UYARI

DESTEK İÇİN LÜTFEN TIKLAYINIZ... CLICK HERE TO SUPPORT.

ÇERNOBİL FACİASI SONRASI YAŞANANLAR

Çernobil Faciası nedir ?

26 Nisan 1986'da, yerel saatler 01.23'u gösterirken Ukrayna'da Kiev yakınlarındaki Çernobil kasabasında bulunan nükleer santralin dördüncü reaktörü infilak etti. Ve patlamayla birlikte reaktör bir anda alevler içinde kaldı. Büyük miktarda radyoaktif element atmosfere dağıldı. Çernobil'de o gece, ABD tarafından Hiroşima'ya atılan gibi belki de yüzlerce atom bombası patlamıştı.Radyasyon önce Ukrayna, Belarus ve Rusya'yı vurdu. Radyasyon yüklü bulutlar, fazla gecikmeden Avrupa ülkelerinin pek çoğunu ziyaret etti. Resmi verilere göre, kaza sırasında yayılan radyasyondan ilk olarak 31 kişi oldu. Ancak daha sonra ortaya çıkan veriler, felaketin zaman içinde on binlerce kişinin ölümüne yol açtığını, 50 bin kişinin felaketten etkilendiğini gösteriyor. 3.5 milyon Ukraynalı, çeşitli oranda radyasyona maruz kaldı...


Çernobil’den kaynaklanan radyoaktif serpinti 160 bin kilometrekare toprağı kirletti.
Çernobil faciası sonrası radyoaktif madde taşıyan bulutlar Avrupa ülkelerinin yanı sıra Türkiye’ye de ulaştı.
Çernobil faciasının sonuçları, olayın üzerinden 21 yıl geçtikten sonra bile etkisini sürdürüyor.
Çernobil Nükleer reaktöründeki patlamanın sonucunda çevre ülkelere yayılan radyoaktif parçacıkların büyüklüğü ve etkileri üzerine kazanın üzerinden geçen yıllarda ciddi bilimsel araştırmalar ne yazık ki yapılmamış ve radyasyon seviyesini gösteren sayısal değerler açıklanmamış olduğundan patlamanın hemen sonrasında Türkiye üzerindeki etkilerle ilgili yeterli veriye ulaşmayı imkansızlaştırmıştır.


Türk Tabipler Birliği nin ilk baskısı Nisan 2006′da yapılan “Çernobil Nükleer Kazası Sonrası Türkiye’de Kanser” başlıklı raporunda Çernobil ile Karadeniz bölgesindeki Kanser vakaları arasındaki ilişki ortaya konulmuştur.

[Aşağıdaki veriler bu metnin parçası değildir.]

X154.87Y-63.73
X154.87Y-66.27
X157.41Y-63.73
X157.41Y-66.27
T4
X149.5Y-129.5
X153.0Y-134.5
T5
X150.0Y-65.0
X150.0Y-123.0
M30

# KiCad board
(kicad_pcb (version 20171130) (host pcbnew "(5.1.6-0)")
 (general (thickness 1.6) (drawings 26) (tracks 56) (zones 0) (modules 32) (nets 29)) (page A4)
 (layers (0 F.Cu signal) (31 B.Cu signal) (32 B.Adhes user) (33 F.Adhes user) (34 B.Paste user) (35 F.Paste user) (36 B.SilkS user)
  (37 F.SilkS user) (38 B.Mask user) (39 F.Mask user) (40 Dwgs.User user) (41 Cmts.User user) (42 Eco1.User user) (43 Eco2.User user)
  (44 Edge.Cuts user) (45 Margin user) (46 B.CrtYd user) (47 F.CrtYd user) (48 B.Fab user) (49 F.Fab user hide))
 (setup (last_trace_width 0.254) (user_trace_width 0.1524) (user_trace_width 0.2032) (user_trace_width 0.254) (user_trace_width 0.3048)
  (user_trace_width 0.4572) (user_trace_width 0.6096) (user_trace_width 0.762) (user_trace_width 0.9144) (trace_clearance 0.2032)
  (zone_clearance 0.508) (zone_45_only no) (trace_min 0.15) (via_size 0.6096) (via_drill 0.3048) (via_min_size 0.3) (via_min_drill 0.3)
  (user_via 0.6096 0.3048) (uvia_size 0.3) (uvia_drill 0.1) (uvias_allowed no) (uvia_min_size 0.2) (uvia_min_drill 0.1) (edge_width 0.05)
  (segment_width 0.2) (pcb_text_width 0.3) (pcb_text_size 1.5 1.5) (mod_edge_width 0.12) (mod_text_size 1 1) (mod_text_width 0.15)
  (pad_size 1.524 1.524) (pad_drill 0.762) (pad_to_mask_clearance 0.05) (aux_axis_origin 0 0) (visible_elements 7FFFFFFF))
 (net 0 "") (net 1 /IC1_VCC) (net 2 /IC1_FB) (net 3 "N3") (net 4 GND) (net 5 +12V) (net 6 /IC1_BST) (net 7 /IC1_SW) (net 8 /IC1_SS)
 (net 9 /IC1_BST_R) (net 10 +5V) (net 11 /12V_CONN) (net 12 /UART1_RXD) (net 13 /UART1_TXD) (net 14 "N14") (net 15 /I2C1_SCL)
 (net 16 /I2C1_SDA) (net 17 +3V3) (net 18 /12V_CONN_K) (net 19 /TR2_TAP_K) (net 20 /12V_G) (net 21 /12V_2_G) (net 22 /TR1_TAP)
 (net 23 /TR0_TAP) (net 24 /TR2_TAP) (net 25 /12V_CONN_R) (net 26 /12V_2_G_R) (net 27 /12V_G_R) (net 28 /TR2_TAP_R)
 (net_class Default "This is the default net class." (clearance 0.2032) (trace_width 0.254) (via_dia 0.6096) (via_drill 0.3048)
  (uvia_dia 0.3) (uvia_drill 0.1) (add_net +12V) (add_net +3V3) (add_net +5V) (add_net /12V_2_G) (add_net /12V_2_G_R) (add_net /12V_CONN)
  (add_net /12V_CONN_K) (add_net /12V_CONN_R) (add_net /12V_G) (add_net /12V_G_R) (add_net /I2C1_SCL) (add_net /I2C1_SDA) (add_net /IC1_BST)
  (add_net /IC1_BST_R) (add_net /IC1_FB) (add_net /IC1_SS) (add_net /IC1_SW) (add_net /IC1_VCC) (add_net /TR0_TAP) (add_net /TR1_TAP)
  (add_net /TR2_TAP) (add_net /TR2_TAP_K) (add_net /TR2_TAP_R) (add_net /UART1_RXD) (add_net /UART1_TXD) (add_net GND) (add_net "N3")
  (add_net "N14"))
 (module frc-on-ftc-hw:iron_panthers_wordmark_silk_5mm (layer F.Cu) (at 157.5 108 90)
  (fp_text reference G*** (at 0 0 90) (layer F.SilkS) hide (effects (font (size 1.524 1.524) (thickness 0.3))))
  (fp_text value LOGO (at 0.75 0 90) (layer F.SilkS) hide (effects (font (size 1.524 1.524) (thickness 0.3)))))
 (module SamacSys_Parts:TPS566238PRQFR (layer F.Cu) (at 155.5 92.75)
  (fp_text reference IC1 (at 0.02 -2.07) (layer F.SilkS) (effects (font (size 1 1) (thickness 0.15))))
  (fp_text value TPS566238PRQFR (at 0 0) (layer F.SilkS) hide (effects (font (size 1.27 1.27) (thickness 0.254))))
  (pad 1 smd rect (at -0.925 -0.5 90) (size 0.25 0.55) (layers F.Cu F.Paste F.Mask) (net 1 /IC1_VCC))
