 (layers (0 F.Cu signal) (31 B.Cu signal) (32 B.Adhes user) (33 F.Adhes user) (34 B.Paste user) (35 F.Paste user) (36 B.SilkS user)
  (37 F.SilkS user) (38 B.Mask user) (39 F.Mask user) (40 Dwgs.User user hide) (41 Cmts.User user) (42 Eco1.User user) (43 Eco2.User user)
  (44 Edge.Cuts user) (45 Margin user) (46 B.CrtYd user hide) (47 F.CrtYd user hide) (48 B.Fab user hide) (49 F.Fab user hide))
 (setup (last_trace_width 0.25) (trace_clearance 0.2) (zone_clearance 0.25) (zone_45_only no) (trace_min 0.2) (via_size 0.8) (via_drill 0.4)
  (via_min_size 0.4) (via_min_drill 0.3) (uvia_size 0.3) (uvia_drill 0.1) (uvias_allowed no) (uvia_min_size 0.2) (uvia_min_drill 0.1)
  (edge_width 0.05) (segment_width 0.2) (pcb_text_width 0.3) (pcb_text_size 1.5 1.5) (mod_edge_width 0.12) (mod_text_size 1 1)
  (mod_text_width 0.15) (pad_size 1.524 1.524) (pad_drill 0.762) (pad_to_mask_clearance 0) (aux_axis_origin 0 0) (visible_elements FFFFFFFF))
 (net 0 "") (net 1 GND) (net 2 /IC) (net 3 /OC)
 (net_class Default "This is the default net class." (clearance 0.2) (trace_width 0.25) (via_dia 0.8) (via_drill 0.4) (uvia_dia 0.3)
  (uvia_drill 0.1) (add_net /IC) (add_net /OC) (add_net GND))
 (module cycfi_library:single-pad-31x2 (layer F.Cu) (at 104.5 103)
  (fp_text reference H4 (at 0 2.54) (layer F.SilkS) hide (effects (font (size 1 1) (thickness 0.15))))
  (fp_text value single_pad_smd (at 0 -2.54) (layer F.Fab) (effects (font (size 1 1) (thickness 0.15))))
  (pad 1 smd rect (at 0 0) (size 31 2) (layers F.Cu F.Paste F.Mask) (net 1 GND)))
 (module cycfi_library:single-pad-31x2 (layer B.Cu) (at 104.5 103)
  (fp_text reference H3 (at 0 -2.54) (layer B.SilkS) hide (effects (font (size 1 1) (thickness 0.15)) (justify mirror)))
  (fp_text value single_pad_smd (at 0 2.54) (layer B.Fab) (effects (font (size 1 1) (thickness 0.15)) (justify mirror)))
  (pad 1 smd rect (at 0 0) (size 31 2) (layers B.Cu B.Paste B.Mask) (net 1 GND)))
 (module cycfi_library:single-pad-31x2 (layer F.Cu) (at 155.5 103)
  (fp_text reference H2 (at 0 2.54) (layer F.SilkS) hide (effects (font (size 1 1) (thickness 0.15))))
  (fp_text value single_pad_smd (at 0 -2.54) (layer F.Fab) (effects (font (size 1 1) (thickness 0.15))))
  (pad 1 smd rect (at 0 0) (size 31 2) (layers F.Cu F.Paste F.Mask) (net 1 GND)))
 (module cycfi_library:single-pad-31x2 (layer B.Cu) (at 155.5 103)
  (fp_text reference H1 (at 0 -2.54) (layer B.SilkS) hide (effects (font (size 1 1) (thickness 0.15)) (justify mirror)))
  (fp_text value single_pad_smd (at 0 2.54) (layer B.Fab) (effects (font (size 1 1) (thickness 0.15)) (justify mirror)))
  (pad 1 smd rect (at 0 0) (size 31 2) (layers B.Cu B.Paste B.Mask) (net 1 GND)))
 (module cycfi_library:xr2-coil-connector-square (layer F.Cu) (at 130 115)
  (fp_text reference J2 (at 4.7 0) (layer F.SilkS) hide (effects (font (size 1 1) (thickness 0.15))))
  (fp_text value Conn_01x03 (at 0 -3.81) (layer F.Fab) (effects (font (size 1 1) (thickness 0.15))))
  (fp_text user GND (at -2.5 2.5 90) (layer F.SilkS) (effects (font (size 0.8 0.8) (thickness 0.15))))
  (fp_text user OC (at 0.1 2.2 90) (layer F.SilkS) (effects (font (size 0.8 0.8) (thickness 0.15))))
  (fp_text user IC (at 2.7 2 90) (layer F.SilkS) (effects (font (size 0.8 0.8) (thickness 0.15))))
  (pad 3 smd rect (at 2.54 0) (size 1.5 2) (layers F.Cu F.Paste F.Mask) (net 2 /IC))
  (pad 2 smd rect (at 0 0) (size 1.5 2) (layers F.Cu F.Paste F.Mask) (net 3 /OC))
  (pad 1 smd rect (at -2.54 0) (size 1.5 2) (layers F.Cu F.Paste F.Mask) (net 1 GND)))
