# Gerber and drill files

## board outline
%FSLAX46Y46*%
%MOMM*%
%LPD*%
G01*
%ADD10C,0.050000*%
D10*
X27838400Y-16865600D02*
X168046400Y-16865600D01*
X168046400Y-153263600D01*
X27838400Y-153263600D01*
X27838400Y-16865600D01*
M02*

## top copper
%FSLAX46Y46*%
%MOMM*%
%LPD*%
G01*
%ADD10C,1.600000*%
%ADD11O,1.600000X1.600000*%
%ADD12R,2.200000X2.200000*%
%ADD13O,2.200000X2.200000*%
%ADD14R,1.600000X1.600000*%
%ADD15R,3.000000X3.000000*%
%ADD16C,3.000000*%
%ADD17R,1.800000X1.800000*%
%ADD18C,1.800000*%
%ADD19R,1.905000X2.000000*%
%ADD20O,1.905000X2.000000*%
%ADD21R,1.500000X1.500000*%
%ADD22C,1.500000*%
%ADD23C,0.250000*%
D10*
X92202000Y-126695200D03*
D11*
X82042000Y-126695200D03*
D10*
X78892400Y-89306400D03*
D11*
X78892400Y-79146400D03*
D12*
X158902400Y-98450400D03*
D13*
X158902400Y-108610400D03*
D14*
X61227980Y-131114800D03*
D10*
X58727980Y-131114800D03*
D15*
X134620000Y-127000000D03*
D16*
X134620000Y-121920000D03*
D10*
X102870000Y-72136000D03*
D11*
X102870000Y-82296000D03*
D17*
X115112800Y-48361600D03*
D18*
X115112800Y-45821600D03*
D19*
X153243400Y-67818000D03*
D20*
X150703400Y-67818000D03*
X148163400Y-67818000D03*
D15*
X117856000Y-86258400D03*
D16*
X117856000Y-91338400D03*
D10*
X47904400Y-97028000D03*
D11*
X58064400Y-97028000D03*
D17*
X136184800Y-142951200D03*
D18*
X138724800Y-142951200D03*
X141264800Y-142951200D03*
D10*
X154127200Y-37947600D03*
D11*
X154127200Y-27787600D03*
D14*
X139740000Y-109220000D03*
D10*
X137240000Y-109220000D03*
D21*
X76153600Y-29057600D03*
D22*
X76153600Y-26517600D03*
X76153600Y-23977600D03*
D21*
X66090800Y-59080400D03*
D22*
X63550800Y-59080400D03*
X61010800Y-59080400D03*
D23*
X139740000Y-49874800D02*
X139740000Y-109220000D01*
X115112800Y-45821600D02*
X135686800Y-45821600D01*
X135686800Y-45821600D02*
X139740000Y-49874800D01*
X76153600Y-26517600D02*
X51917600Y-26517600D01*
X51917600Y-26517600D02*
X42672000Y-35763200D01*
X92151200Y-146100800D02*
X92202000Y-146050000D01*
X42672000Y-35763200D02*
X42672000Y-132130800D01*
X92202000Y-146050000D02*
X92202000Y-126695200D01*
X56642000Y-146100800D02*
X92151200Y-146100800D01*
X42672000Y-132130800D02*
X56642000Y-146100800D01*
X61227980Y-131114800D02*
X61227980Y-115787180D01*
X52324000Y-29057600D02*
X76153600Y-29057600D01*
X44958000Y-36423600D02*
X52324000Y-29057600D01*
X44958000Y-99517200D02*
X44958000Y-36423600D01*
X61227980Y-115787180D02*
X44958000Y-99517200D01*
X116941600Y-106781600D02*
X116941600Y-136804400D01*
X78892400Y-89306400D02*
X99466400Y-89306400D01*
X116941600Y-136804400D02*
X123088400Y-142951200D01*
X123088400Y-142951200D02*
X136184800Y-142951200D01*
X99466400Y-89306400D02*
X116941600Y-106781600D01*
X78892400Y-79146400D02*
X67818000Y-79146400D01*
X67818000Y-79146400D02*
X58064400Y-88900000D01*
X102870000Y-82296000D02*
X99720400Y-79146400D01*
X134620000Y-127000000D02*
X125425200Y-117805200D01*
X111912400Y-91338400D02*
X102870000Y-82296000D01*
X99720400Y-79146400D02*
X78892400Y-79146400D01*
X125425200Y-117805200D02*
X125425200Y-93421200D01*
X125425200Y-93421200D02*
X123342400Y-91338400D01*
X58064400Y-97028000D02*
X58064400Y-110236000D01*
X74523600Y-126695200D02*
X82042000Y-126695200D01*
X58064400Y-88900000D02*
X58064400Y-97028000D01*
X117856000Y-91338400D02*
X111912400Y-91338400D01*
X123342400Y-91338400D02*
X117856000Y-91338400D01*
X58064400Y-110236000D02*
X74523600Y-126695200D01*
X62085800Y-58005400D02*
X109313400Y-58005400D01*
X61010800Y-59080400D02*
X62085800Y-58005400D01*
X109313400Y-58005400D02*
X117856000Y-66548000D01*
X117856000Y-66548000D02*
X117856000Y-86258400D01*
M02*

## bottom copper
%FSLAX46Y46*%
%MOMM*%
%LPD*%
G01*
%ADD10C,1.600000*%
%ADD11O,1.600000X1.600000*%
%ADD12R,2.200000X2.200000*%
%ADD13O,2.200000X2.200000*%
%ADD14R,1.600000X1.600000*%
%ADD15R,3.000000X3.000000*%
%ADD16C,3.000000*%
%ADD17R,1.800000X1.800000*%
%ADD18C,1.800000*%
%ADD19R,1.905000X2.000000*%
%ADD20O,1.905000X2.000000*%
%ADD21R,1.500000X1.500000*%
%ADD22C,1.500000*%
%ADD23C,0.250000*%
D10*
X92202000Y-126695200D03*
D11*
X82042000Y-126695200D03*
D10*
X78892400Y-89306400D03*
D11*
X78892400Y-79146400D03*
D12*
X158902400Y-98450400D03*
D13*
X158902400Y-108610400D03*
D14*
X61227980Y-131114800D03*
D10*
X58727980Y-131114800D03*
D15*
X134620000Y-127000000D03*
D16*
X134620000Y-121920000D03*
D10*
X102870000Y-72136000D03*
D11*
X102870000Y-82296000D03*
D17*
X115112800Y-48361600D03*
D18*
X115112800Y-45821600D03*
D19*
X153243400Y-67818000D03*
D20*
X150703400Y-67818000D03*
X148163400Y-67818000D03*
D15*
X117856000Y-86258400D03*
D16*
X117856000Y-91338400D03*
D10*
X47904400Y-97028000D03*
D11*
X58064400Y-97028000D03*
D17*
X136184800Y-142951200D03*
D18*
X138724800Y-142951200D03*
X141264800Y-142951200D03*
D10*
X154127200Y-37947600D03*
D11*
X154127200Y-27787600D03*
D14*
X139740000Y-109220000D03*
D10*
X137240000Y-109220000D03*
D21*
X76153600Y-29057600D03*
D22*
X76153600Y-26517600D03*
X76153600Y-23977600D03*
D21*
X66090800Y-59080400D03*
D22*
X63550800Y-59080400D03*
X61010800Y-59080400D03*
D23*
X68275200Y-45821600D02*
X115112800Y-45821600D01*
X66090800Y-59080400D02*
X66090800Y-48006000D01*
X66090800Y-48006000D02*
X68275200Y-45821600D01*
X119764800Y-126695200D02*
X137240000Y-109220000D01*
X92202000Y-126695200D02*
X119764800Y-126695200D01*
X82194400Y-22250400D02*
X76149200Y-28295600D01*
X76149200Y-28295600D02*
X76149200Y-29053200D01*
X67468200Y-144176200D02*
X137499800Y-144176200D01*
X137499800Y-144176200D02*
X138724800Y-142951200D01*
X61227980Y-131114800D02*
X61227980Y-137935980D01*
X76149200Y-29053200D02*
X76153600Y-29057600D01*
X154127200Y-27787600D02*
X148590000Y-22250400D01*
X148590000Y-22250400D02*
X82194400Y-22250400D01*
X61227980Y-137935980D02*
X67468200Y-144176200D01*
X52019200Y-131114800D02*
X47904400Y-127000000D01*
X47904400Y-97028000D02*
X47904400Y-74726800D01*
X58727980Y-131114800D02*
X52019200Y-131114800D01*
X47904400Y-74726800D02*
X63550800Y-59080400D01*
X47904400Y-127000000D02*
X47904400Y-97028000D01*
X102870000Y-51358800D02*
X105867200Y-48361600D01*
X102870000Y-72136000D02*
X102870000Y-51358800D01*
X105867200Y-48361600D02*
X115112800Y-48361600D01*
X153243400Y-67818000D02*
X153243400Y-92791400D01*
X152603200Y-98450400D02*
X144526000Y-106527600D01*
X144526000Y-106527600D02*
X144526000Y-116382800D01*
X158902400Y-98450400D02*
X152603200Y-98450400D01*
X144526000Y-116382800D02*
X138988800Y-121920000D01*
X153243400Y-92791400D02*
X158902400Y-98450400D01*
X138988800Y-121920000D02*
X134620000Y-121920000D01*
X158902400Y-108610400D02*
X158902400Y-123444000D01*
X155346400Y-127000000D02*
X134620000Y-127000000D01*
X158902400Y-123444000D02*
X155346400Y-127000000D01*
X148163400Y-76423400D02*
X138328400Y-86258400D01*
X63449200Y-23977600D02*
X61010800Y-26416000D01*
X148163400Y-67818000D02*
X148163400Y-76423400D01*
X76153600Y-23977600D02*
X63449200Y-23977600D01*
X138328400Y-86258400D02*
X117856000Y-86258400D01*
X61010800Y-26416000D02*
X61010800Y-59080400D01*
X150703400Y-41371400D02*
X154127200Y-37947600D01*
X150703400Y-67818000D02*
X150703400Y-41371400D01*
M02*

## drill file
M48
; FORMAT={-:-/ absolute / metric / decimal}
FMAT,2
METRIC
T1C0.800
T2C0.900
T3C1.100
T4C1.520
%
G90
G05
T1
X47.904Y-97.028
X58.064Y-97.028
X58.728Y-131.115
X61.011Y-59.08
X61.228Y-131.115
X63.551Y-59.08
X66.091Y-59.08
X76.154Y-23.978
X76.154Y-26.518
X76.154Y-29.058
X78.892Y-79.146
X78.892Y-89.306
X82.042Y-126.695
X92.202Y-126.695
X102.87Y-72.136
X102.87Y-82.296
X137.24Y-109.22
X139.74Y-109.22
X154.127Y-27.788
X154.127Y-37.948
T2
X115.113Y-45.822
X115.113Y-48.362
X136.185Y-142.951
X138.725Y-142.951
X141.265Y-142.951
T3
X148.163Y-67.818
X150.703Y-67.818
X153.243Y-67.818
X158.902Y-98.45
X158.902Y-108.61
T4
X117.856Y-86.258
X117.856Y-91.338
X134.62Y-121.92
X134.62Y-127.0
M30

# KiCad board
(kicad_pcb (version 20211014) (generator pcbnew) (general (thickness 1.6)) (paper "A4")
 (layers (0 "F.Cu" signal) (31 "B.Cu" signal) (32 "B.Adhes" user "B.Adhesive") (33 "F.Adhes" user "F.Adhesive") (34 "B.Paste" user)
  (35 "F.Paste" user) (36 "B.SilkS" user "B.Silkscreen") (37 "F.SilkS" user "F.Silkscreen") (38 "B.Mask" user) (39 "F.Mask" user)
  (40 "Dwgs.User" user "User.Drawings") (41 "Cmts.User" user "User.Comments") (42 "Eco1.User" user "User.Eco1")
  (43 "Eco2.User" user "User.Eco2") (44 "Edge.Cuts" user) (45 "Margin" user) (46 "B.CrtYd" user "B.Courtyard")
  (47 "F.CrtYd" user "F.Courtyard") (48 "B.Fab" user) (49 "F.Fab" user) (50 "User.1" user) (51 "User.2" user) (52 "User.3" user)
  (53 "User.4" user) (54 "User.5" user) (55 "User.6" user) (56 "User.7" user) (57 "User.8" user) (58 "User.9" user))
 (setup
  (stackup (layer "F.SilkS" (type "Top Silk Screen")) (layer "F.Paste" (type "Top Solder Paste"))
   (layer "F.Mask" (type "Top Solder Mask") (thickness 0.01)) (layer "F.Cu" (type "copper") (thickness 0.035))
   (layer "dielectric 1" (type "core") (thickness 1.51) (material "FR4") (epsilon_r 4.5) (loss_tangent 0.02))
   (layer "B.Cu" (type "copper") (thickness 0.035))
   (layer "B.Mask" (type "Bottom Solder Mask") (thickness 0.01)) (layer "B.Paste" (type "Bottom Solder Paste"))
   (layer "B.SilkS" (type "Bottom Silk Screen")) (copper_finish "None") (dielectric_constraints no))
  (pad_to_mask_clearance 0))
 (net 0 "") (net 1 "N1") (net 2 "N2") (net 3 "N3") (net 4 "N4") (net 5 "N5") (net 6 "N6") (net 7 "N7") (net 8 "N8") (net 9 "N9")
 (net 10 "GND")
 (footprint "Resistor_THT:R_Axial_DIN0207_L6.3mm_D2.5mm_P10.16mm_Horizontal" (layer "F.Cu") (at 92.202 126.6952 180)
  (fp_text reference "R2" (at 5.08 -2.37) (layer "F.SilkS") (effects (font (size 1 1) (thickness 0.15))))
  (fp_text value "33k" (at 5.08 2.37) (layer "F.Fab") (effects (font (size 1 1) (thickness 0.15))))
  (pad "1" thru_hole circle (at 0 0 180) (size 1.6 1.6) (drill 0.8) (layers *.Cu *.Mask) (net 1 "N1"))
  (pad "2" thru_hole oval (at 10.16 0 180) (size 1.6 1.6) (drill 0.8) (layers *.Cu *.Mask) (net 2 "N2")))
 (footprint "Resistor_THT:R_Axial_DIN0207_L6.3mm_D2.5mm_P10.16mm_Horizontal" (layer "F.Cu") (at 78.8924 89.3064 90)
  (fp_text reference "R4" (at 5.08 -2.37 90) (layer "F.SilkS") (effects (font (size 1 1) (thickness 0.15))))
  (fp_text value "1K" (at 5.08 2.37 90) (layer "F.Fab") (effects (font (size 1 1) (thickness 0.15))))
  (pad "1" thru_hole circle (at 0 0 90) (size 1.6 1.6) (drill 0.8) (layers *.Cu *.Mask) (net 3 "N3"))
  (pad "2" thru_hole oval (at 10.16 0 90) (size 1.6 1.6) (drill 0.8) (layers *.Cu *.Mask) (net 2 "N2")))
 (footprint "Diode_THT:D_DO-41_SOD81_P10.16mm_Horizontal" (layer "F.Cu") (at 158.9024 98.4504 -90)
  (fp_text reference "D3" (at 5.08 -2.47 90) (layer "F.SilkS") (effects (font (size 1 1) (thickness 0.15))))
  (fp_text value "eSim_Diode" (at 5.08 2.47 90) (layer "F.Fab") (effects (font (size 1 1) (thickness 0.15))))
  (pad "1" thru_hole rect (at 0 0 270) (size 2.2 2.2) (drill 1.1) (layers *.Cu *.Mask) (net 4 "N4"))
  (pad "2" thru_hole oval (at 10.16 0 270) (size 2.2 2.2) (drill 1.1) (layers *.Cu *.Mask) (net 2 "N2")))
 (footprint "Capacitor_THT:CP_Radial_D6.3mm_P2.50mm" (layer "F.Cu") (at 61.22798 131.1148 180)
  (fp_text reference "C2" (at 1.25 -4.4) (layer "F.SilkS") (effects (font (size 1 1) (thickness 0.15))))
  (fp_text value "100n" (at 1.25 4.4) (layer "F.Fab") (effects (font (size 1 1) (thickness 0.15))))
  (pad "1" thru_hole rect (at 0 0 180) (size 1.6 1.6) (drill 0.8) (layers *.Cu *.Mask) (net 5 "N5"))
  (pad "2" thru_hole circle (at 2.5 0 180) (size 1.6 1.6) (drill 0.8) (layers *.Cu *.Mask) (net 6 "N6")))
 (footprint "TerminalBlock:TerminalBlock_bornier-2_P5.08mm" (layer "F.Cu") (at 134.62 127 90)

Raporda Çernobil’deki patlama sonrasında oluşan radyoaktif bulutların 3 Mayıs 1986 Cumartesi günü Trakya’ya, 4-5 Mayıs günleri Batı Karadeniz’e, 6 Mayıs günü Çankırı üzerinden Sivas’a, 7-9 Mayıs tarihlerin Trabzon-Hopa’ya ulaştığı 10 gün sonra da tüm Türkiye’ye radyoaktif parçacıkların yayıldığı belirtilmektedir. Yine raporda hatırlatıldığı üzere dönemin yetkililerin Çernobil’in Türkiye’de üzerinde önemli bir etkisinin olmadığı şeklindeki açıklamalarına karşılık radyoaktif değeri 600 Bq/kg’ın altında olduğu belirtilen ve İngiltere’ye ihraç edilen fındık İngiltere tarafından geri gönderilmiştir
Kanser Karadenizlilerin psikolojisini bozdu.

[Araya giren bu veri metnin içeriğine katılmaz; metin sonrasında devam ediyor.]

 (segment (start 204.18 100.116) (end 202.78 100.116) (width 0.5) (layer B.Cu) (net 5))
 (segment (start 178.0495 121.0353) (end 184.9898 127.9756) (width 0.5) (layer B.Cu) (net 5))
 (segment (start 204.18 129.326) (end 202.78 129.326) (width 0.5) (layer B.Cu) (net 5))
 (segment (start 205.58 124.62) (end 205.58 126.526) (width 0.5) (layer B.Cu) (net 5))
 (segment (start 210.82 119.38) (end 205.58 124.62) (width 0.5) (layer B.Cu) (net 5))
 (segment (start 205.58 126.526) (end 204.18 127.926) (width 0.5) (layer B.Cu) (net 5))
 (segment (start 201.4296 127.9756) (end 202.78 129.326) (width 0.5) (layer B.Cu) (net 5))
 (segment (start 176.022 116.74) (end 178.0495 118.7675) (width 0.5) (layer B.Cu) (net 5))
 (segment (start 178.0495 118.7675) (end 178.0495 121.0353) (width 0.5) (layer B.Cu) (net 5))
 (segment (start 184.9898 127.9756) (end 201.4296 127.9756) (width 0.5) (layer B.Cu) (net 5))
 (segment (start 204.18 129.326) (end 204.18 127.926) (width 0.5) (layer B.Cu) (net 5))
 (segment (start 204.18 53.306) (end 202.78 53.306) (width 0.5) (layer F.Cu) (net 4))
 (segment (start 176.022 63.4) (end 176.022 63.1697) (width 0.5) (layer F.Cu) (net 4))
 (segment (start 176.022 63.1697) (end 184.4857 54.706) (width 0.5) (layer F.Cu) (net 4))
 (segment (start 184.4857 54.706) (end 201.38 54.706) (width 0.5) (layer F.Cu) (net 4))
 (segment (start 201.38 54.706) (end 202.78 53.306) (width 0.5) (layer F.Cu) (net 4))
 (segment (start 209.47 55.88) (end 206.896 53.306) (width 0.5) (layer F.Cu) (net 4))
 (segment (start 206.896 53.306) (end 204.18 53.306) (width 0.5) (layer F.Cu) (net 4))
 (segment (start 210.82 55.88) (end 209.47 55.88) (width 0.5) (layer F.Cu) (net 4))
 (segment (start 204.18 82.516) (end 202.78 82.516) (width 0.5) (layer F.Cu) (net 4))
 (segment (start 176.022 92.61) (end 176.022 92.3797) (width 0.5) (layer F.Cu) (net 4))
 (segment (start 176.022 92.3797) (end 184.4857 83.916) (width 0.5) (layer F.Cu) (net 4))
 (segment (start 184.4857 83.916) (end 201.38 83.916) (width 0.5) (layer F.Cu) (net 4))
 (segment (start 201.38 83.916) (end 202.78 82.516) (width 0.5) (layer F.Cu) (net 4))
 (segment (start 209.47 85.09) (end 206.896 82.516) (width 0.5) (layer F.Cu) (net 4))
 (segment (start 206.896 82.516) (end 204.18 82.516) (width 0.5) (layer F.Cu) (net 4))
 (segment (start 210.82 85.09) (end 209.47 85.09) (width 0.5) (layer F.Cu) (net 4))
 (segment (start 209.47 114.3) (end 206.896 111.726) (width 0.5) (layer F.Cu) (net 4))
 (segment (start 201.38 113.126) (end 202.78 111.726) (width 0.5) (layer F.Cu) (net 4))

Karadeniz’de kanser vakalarında patlama yaşanıyor. Halk bunalımda. Karadenizliler bunu 21 yıl önce yaşanan ve halktan gizlenen Çernobil faciasına bağlıyor
Karadeniz, boydan boya ‘hastalıktan olma’ ölüm kokuyor. Karadeniz’in dağlara bir mısır tanesi gibi serpilmiş evlerinden oluşan küçük kasaba camilerinden her gün ‘ölüm nedeni aynı cenazeler’ kalkıyor. Kara yemişlerin, fındıklıkların ve çay bahçelerinin aralarında belli belirsiz kalmış mezarlıklar, artık yeni sakinlerini kabul etmekte zorlanıyor. Karadeniz’de hiç kimse, kendilerine ölüm taşıyan bu hastalığı bilinen adıyla anmıyor. Kanser, bu bölgede ‘kötü hastalık’, ‘mek çeşit’ ya da ‘Megal Hivonditun’ olarak adlandırılıyor. Karadenizli, ‘kanser’ kelimesini kullanmamaya çalışarak, çaresizliğinin orta yerine geleneksel bir tedbir koymaya çalışıyor. “Kötülükler dilden uzak olursa, bedenden de uzak olur” diye konuşuluyor.


“Çayları imha edin” denilen rapor görmezden gelindi
TAEK, 1987 yılından itibaren ölçüm sonuçlarının hızla düşerek doğal düzeylere indiğini, Karadeniz’deki radyoaktivite seviyelerinin insan sağlığı, ekosistem ve çevre güvenliği açısından bir risk oluşturmadığını savundu.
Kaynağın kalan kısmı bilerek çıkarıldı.